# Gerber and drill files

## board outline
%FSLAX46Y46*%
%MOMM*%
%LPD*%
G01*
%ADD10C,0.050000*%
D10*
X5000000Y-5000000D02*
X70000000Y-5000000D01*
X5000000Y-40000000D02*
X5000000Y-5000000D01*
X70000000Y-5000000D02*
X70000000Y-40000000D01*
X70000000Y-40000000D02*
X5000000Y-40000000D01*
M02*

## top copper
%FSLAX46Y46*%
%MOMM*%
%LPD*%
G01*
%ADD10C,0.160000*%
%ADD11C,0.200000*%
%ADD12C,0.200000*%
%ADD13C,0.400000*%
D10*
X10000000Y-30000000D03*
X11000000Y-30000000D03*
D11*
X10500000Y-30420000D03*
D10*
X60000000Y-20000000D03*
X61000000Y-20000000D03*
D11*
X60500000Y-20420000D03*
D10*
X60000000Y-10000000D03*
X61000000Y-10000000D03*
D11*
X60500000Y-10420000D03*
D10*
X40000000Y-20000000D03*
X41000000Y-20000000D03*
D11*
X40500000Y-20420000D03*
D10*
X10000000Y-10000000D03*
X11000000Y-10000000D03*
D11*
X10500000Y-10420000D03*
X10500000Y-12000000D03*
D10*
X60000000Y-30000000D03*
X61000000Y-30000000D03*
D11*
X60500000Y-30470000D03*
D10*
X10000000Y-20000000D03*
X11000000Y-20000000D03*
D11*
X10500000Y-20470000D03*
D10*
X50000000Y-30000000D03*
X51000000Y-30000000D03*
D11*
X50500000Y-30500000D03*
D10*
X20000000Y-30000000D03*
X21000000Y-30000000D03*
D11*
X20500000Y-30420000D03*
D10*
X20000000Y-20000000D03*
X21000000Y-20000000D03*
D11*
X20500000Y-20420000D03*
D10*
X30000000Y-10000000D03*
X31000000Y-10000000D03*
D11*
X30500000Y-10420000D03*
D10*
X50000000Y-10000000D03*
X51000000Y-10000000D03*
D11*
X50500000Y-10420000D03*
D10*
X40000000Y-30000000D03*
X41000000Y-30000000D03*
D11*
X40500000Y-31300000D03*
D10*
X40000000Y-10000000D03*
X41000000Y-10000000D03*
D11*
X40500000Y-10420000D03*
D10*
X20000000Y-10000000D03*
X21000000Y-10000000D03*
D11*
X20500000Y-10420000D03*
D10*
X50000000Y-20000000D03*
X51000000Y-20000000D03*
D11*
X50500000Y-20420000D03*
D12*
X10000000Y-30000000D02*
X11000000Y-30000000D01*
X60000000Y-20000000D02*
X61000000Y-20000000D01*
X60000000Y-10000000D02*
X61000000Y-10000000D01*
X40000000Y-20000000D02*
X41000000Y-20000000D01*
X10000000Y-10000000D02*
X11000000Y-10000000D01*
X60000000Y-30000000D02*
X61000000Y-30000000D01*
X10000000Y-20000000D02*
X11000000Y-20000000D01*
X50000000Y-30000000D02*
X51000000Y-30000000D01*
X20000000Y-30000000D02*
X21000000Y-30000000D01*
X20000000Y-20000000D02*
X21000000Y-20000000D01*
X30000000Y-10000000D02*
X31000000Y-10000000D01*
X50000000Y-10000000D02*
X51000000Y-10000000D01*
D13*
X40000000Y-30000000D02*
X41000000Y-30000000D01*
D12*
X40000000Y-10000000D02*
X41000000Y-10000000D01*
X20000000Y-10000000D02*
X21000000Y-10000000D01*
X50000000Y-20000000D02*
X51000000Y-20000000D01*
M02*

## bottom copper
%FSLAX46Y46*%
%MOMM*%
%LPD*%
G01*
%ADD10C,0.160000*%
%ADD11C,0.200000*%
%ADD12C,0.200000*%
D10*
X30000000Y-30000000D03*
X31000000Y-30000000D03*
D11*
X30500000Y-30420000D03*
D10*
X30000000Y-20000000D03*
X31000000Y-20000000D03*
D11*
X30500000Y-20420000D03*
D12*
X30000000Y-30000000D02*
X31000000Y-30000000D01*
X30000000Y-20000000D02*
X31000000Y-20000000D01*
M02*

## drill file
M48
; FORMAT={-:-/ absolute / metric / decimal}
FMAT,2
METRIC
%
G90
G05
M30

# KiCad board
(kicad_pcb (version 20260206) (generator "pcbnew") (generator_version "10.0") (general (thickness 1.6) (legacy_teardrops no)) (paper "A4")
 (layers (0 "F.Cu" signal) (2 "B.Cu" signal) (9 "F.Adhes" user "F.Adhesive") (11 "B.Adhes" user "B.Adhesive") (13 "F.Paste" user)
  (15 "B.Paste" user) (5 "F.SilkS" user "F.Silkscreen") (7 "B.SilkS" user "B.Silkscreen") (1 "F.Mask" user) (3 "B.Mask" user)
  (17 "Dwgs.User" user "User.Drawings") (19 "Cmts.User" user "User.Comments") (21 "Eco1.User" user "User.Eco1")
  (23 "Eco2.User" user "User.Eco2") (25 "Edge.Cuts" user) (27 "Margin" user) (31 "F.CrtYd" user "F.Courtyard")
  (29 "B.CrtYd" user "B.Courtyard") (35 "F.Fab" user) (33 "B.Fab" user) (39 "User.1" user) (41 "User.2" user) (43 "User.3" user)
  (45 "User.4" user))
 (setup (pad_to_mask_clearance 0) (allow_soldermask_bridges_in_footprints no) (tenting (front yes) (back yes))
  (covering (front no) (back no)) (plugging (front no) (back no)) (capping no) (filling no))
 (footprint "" (layer "F.Cu") (at 10 30)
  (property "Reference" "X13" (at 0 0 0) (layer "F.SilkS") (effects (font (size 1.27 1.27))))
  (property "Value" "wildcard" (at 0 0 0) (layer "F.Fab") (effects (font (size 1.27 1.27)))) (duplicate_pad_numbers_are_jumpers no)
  (pad "1" smd circle (at 0 0) (size 0.16 0.16) (layers "F.Cu") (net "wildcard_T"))
  (pad "2" smd circle (at 1 0) (size 0.16 0.16) (layers "F.Cu") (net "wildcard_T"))
  (pad "3" smd circle (at 0.5 0.42) (size 0.2 0.2) (layers "F.Cu") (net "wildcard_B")))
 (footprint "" (layer "F.Cu") (at 60 20)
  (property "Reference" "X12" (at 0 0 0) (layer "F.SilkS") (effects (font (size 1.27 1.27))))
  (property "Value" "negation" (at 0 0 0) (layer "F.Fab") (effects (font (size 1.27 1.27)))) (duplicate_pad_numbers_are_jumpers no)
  (pad "1" smd circle (at 0 0) (size 0.16 0.16) (layers "F.Cu") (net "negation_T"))
  (pad "2" smd circle (at 1 0) (size 0.16 0.16) (layers "F.Cu") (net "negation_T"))
  (pad "3" smd circle (at 0.5 0.42) (size 0.2 0.2) (layers "F.Cu") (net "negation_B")))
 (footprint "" (layer "F.Cu") (at 60 10)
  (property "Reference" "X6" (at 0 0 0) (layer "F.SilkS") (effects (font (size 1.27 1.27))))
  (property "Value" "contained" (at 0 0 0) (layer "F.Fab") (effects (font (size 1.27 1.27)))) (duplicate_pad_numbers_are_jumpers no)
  (pad "1" smd circle (at 0 0) (size 0.16 0.16) (layers "F.Cu") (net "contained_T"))
  (pad "2" smd circle (at 1 0) (size 0.16 0.16) (layers "F.Cu") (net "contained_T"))
  (pad "3" smd circle (at 0.5 0.42) (size 0.2 0.2) (layers "F.Cu") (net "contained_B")))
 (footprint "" (layer "F.Cu") (at 40 20)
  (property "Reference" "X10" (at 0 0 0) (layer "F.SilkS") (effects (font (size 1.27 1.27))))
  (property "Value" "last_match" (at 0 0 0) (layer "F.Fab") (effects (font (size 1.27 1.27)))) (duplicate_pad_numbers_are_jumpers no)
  (pad "1" smd circle (at 0 0) (size 0.16 0.16) (layers "F.Cu") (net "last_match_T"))
  (pad "2" smd circle (at 1 0) (size 0.16 0.16) (layers "F.Cu") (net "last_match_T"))
  (pad "3" smd circle (at 0.5 0.42) (size 0.2 0.2) (layers "F.Cu") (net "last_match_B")))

ACTIVITY: Copy all lines from the entries that contain the word "Reference".

COMPLETED EXERCISE:
  (property "Reference" "X13" (at 0 0 0) (layer "F.SilkS") (effects (font (size 1.27 1.27))))
  (property "Reference" "X12" (at 0 0 0) (layer "F.SilkS") (effects (font (size 1.27 1.27))))
  (property "Reference" "X6" (at 0 0 0) (layer "F.SilkS") (effects (font (size 1.27 1.27))))
  (property "Reference" "X10" (at 0 0 0) (layer "F.SilkS") (effects (font (size 1.27 1.27))))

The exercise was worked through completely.